Five national health insurance companies compete to offer services to tens of millions of patients and hundreds of thousands of employers in the United States. Four of those five companies hope to merge with each other – taking the “Big Five” to the “Remaining Three.”1 Anthem, Inc. seeks to purchase Cigna Corporation for $54 billion in what would be the largest merger in the history of the health insurance industry, and Aetna, Inc. seeks to acquire Humana, Inc. for $37 billion. The companies claim that their mergers will “increase competition and result in cost savings, efficiencies and other benefits that will make health care more affordable and accessible to consumers” and that “there is ample competition from other competitors.”2

The U.S. Department of Justice, as well as the attorneys general of more than a dozen states, including Colorado, have sued in federal court to prevent the mergers. In stark contrast to the merging companies, the government claims that the mergers would “substantially lessen competition, harming millions of American consumers, as well as doctors and hospitals.”3 Instead of promoting competition, the government argues that the “mergers would reshape the industry, eliminating two innovative competitors – Cigna and Humana – at a time when the industry is experimenting with new ways to lower health care costs.”4

The opposing parties’ claims are irreconcilable.

A federal law known as the Clayton Act serves as the battleground for resolving their arguments. Section 7 of the act states that “no person . . . shall acquire the whole or any part of the assets of another person5 . . . [if] the effect of such acquisition may be substantially to lessen competition, or to tend to create a monopoly.”6 Together with the Sherman Act, the Clayton Act has been described as the “the Magna Carta of free enterprise. They are as important to the preservation of economic freedom and our free-enterprise system as the Bill of Rights is to the protection of our fundamental personal freedoms.”7

Analyzing any transaction to determine whether it runs afoul of the antitrust laws first requires the courts to define and analyze the relevant market. Unless the courts define the relevant market, there is no way they can consider whether the transaction lessens competition or tends to create a monopoly.8 The ultimate test is whether the transaction results in a company holding enough market power that it can dictate terms to consumers because there aren’t enough competitors offering a substitute product.9

For these potential health insurers’ mergers, there are two broad market categories to consider:  product markets and geographic markets.

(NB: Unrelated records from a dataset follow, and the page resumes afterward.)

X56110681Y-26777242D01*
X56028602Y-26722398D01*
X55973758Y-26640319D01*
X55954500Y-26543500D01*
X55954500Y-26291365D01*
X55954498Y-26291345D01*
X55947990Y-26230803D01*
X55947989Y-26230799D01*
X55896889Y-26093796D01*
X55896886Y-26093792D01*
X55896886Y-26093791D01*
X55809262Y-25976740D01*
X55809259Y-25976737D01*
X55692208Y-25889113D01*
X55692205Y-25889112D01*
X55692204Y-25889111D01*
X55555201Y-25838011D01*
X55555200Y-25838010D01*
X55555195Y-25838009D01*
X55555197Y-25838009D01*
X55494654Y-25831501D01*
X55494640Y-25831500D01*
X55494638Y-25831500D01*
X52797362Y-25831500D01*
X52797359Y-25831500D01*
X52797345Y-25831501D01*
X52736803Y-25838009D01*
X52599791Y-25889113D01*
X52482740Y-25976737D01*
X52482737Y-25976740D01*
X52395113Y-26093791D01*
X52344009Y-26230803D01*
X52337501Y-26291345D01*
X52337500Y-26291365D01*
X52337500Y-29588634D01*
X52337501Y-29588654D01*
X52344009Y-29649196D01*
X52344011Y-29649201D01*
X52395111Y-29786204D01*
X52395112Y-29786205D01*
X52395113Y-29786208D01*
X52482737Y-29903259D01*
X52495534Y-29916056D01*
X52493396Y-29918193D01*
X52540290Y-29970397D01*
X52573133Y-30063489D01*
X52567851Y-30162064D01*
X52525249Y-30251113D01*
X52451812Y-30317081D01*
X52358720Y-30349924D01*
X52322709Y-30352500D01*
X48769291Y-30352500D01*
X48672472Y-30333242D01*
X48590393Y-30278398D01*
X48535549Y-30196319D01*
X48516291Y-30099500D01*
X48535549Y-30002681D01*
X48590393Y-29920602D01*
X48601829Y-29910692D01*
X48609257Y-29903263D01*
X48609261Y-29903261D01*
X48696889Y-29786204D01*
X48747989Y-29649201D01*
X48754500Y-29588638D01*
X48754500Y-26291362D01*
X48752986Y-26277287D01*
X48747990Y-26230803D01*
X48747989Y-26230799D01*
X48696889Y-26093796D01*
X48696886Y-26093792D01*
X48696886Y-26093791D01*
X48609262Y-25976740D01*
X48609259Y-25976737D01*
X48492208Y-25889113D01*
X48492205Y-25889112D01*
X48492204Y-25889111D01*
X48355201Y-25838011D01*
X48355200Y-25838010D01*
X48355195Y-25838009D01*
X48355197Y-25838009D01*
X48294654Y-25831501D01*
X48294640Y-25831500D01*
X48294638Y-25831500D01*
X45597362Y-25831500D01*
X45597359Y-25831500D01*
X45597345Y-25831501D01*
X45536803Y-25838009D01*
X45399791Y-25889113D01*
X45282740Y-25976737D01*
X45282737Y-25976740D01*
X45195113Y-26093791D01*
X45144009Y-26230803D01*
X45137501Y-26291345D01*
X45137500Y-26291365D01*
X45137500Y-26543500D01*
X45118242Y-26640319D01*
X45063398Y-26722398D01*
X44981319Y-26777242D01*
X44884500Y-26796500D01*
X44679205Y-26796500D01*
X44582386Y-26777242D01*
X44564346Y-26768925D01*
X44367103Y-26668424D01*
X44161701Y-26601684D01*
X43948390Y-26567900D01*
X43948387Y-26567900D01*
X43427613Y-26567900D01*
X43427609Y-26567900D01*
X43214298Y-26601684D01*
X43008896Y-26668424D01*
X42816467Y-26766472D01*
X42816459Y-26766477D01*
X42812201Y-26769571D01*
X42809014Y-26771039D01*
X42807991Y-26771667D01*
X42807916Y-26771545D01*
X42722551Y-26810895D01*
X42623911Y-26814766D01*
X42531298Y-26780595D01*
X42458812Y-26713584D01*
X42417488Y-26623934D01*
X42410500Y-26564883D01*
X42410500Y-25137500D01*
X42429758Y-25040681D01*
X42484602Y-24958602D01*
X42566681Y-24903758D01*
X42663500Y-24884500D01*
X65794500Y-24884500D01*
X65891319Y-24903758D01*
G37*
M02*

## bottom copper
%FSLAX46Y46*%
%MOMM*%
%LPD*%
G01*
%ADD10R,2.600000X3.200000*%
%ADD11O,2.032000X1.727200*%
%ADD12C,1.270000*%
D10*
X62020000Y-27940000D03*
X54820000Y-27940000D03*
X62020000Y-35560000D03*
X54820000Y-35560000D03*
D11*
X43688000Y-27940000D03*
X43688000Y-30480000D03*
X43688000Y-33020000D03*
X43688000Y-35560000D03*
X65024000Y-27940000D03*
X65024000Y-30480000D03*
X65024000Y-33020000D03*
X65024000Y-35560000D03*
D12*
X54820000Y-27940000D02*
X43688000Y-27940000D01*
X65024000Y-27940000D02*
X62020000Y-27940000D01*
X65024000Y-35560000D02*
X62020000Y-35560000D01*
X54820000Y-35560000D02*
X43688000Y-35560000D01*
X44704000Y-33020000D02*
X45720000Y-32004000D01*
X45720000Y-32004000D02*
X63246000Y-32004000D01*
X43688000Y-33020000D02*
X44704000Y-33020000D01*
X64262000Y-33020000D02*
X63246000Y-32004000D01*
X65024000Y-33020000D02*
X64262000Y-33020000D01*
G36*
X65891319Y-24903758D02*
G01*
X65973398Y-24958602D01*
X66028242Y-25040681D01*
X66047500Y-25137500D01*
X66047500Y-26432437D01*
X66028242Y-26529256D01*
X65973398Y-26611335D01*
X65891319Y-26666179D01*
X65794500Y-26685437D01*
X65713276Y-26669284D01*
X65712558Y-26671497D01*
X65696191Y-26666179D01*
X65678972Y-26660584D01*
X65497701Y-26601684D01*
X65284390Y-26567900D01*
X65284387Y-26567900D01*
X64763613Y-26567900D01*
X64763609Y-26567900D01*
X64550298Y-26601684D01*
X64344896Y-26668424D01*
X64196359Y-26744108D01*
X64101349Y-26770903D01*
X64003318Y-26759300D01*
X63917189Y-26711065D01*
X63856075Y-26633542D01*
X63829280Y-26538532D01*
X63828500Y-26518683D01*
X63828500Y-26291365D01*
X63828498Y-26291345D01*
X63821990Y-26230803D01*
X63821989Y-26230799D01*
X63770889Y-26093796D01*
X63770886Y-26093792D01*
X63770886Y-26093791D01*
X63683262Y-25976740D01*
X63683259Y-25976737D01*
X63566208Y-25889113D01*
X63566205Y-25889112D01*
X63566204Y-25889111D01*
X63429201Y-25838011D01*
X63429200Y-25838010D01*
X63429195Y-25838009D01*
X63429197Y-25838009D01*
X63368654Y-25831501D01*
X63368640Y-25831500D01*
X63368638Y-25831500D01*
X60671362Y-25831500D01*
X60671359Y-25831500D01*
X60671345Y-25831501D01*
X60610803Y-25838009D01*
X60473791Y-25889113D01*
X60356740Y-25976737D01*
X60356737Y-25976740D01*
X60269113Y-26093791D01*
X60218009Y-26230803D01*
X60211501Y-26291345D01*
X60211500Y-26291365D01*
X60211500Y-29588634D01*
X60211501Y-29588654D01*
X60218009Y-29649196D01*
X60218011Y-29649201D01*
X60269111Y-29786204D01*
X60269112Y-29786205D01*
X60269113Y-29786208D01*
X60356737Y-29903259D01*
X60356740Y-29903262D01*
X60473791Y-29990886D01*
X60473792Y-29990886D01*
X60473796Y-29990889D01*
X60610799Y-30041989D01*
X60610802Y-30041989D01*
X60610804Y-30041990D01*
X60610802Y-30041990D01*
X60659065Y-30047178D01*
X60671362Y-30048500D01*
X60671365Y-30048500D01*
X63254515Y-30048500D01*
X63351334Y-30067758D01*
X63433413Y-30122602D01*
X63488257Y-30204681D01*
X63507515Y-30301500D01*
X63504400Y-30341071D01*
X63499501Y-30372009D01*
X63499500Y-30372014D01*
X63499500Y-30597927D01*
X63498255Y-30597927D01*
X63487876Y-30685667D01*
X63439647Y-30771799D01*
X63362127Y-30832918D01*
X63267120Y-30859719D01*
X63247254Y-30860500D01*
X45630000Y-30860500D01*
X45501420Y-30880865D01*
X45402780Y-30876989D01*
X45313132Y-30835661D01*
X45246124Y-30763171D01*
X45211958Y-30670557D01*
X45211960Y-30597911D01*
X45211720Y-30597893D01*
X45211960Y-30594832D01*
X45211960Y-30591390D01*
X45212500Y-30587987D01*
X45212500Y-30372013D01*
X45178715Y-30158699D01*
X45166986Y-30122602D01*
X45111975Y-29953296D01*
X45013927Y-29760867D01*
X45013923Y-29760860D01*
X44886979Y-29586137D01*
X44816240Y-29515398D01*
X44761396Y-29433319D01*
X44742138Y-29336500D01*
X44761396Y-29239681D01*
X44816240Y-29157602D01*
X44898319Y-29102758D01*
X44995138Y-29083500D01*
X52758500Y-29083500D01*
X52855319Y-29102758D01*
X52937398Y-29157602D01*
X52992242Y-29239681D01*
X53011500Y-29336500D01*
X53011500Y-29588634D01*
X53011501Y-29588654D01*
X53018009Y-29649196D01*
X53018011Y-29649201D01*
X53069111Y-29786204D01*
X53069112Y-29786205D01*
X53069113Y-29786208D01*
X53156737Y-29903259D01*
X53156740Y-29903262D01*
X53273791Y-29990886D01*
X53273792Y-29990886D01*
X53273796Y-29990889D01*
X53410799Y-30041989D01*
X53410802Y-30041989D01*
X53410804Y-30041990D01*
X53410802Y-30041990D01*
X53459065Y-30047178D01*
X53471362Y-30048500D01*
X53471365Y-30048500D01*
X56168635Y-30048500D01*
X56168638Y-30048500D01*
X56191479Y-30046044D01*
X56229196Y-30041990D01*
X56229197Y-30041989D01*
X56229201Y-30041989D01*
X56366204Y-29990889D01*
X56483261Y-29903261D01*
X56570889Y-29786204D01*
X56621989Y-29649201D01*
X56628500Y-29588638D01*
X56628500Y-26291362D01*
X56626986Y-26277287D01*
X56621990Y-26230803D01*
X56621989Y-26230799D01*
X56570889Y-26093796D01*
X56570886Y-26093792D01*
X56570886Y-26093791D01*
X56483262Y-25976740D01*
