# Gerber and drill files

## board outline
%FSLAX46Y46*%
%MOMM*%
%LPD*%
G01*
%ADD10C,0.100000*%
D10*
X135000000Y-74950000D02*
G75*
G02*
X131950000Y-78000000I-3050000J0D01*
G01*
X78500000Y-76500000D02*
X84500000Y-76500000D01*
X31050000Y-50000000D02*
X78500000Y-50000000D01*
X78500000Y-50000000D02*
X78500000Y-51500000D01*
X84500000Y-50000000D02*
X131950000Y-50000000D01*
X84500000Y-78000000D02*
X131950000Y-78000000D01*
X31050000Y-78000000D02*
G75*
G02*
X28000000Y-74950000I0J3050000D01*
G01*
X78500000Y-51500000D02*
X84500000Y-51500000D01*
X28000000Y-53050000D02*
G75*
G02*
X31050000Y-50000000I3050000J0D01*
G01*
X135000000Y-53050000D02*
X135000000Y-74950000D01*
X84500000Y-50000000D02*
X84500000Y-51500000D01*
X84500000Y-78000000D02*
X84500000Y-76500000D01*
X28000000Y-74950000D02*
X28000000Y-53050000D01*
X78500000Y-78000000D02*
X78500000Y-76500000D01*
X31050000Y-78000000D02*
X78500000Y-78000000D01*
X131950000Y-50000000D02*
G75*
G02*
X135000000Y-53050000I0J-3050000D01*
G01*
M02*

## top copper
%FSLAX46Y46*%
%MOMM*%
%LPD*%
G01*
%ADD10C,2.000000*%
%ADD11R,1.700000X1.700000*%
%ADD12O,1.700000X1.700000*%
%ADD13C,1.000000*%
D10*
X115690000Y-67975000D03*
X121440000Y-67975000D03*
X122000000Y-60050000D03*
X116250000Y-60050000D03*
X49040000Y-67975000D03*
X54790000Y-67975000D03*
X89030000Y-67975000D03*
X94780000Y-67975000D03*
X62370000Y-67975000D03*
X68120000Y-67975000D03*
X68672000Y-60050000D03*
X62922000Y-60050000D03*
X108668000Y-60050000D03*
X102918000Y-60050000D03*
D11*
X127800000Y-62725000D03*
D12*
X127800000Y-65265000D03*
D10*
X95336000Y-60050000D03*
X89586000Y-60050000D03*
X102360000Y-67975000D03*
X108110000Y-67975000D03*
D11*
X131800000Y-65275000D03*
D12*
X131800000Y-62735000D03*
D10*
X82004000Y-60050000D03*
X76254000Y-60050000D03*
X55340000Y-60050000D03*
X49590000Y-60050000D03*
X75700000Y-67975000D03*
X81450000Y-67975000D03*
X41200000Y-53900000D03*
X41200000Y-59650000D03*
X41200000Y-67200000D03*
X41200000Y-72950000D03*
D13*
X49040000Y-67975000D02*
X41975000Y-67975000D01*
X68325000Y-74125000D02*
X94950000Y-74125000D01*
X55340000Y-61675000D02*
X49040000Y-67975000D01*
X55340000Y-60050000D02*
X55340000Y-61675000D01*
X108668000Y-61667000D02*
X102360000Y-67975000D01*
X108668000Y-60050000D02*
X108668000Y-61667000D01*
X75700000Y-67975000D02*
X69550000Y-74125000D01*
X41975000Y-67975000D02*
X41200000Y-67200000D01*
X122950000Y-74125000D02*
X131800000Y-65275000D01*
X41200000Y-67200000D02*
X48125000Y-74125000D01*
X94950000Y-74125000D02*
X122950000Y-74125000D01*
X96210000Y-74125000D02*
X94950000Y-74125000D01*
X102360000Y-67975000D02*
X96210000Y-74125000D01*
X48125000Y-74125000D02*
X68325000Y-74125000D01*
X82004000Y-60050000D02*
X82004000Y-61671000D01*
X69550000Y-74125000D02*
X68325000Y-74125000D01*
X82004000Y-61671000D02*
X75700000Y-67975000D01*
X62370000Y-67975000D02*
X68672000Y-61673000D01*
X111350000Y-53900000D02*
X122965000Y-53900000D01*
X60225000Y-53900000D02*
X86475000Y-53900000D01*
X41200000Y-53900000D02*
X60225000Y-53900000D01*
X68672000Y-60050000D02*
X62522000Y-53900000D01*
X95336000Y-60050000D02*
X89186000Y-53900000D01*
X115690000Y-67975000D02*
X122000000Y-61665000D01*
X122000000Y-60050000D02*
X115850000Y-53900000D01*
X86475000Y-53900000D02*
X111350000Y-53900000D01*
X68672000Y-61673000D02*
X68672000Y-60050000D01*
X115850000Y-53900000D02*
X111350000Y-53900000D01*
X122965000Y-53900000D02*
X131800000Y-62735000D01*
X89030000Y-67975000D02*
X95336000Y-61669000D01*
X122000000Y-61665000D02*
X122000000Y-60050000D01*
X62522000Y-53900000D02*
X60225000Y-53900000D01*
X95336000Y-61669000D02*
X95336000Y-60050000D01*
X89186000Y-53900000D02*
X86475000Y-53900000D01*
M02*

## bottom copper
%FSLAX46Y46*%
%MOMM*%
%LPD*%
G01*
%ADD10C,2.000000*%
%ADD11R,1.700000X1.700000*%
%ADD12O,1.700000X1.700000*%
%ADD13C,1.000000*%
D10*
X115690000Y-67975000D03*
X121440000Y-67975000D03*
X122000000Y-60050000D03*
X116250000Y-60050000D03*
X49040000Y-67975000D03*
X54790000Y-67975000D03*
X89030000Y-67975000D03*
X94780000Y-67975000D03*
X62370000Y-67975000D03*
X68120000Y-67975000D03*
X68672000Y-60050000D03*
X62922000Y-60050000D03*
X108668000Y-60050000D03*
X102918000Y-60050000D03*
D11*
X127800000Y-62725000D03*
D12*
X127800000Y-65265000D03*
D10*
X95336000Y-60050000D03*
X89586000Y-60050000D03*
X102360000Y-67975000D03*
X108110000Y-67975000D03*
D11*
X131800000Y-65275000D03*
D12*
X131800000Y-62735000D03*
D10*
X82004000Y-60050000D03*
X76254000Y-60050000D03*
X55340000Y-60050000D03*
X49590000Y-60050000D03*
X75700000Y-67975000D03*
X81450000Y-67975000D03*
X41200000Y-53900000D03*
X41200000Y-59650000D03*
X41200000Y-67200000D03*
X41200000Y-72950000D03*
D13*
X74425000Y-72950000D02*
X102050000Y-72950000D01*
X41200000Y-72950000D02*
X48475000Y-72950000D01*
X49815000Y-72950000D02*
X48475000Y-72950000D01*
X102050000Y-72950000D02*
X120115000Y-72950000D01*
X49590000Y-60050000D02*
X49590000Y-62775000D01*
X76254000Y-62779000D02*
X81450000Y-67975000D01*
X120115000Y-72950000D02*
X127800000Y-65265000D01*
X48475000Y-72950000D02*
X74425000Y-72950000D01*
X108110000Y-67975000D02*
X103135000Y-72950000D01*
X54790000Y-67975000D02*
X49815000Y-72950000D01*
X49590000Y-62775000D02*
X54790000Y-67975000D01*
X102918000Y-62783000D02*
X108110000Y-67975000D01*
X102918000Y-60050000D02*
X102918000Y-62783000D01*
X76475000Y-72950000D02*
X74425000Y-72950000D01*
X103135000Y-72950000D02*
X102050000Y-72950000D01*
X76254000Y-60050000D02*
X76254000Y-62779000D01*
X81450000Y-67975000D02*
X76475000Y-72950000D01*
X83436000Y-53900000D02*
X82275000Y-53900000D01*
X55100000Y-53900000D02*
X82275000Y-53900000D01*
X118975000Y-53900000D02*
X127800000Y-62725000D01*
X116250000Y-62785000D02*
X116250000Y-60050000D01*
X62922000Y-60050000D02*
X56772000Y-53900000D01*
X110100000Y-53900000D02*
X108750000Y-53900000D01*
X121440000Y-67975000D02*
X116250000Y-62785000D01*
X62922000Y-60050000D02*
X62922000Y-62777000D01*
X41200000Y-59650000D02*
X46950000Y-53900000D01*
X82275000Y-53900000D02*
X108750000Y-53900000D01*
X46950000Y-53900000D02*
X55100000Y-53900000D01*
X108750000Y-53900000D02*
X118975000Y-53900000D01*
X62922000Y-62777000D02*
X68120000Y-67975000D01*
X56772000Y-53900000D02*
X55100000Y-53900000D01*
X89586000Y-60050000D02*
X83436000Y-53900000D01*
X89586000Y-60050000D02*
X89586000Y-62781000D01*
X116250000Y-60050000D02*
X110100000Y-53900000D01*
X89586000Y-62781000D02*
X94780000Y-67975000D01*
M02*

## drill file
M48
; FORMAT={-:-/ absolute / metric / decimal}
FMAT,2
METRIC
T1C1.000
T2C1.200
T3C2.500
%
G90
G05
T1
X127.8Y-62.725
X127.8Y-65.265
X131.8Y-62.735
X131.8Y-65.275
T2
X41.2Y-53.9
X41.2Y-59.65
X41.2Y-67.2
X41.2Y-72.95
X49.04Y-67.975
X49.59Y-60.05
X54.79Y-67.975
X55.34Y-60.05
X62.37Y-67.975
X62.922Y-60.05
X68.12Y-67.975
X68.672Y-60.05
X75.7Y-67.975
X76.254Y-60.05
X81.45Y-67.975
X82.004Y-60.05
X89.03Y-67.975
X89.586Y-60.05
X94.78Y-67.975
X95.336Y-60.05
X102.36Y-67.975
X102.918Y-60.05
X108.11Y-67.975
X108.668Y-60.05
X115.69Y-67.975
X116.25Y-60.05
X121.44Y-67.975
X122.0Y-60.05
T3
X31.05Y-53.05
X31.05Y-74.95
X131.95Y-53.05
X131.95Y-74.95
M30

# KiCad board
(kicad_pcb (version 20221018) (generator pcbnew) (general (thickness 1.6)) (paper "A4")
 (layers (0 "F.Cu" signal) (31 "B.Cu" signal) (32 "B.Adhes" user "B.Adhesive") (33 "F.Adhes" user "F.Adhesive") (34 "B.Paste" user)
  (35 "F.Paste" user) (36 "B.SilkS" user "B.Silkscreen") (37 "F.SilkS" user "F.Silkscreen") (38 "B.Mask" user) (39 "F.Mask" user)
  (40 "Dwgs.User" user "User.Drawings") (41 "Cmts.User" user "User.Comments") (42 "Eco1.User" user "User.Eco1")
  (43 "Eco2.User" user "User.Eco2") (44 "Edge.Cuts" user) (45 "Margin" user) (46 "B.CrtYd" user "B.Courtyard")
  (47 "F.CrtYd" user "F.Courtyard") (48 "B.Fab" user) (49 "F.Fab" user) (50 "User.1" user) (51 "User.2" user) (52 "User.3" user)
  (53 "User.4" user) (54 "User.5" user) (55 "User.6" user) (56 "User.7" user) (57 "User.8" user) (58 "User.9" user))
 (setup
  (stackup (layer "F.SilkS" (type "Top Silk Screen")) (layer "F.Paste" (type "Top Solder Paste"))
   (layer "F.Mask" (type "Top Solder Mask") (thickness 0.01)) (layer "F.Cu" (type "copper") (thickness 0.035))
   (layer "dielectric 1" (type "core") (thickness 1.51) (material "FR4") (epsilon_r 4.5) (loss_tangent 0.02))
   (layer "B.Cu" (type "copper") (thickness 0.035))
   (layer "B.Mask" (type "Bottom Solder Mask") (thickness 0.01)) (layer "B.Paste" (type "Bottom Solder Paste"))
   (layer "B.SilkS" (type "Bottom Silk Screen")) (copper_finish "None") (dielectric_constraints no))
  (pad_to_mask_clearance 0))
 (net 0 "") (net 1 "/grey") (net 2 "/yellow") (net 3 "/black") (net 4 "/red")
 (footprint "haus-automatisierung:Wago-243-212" (layer "F.Cu") (at 113.04 64.575)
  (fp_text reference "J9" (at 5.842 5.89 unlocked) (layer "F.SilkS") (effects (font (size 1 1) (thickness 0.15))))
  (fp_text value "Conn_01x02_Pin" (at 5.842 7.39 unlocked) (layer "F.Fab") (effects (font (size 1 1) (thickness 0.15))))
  (pad "1" thru_hole circle (at 2.65 3.4) (size 2 2) (drill 1.2) (layers "*.Cu" "*.Mask") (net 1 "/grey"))
  (pad "2" thru_hole circle (at 8.4 3.4) (size 2 2) (drill 1.2) (layers "*.Cu" "*.Mask") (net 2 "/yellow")))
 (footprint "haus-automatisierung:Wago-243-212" (layer "F.Cu") (at 124.65 63.45 180)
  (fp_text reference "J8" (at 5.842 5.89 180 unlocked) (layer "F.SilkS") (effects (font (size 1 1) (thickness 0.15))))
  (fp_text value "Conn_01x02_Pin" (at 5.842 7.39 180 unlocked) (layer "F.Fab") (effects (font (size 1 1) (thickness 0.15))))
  (pad "1" thru_hole circle (at 2.65 3.4 180) (size 2 2) (drill 1.2) (layers "*.Cu" "*.Mask") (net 1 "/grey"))
  (pad "2" thru_hole circle (at 8.4 3.4 180) (size 2 2) (drill 1.2) (layers "*.Cu" "*.Mask") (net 2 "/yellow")))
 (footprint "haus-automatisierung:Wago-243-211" (layer "F.Cu") (at 46.39 64.575)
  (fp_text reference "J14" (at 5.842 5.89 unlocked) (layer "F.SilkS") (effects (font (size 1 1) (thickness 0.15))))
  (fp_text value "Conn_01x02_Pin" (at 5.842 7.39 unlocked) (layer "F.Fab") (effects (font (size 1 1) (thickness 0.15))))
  (pad "1" thru_hole circle (at 2.65 3.4) (size 2 2) (drill 1.2) (layers "*.Cu" "*.Mask") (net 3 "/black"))
  (pad "2" thru_hole circle (at 8.4 3.4) (size 2 2) (drill 1.2) (layers "*.Cu" "*.Mask") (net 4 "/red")))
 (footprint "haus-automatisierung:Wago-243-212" (layer "F.Cu") (at 86.38 64.575)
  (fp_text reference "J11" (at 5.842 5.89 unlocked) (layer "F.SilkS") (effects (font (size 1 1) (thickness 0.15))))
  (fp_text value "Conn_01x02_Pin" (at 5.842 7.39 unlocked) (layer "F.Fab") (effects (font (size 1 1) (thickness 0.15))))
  (pad "1" thru_hole circle (at 2.65 3.4) (size 2 2) (drill 1.2) (layers "*.Cu" "*.Mask") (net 1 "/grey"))
  (pad "2" thru_hole circle (at 8.4 3.4) (size 2 2) (drill 1.2) (layers "*.Cu" "*.Mask") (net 2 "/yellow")))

In the product market, these mergers will first affect the “buyer’s market.” In the buyer’s market, businesses and consumers that purchase health insurance will inevitably have fewer choices and may face higher prices due to the absence of meaningful competition. In truly competitive markets, consumers might expect new insurance companies to enter the field and offer price competition if the existing companies raise prices, but there are relatively high barriers to entering the health insurance markets that will likely discourage new entrants.10 The health insurers counter by arguing that the mergers will allow them to more effectively negotiate with hospital systems and health care providers and “will lead to lower reimbursement rates, which will lead, in turn, to savings for its customers and increased access to medical care.”11 Commentators, however, have cited a body of literature suggesting that health insurer consolidation leads to price increases, as opposed to greater efficiencies or lower health care costs.”12

The merger will not just impact health insurance purchasers and is likely to have a significant effect in the “seller’s market.” The sellers in this case are hospitals and physicians who provide health care to the companies’ insurers. Using the correct legal terminology, the government argues that the mergers not only threaten a monopoly, which is control of the supply of a commodity or service,13 but also a monopsony, which is a market in which there are insufficient numbers of buyers.14 A monopsony in the market for health care services would ultimately hurt consumers if insurers can offer physician reimbursement on a take-it-or-leave it basis, thus leading physicians to reduce the time they spent with patients, defer investments in medical equipment, or even retire from practice. For this reason, more than 70 percent of the CMS physicians in active practice who responded to a survey were opposed to the mergers.15

In the geographic markets, the mergers will affect the national and regional market for employer account, state exchanges and even counties where particular insurers hold a disproportionate share of the market. Because health care delivery often takes place in a local market, especially for primary care, the mergers could significantly limit competition and force consumers into paying for out-of-network services.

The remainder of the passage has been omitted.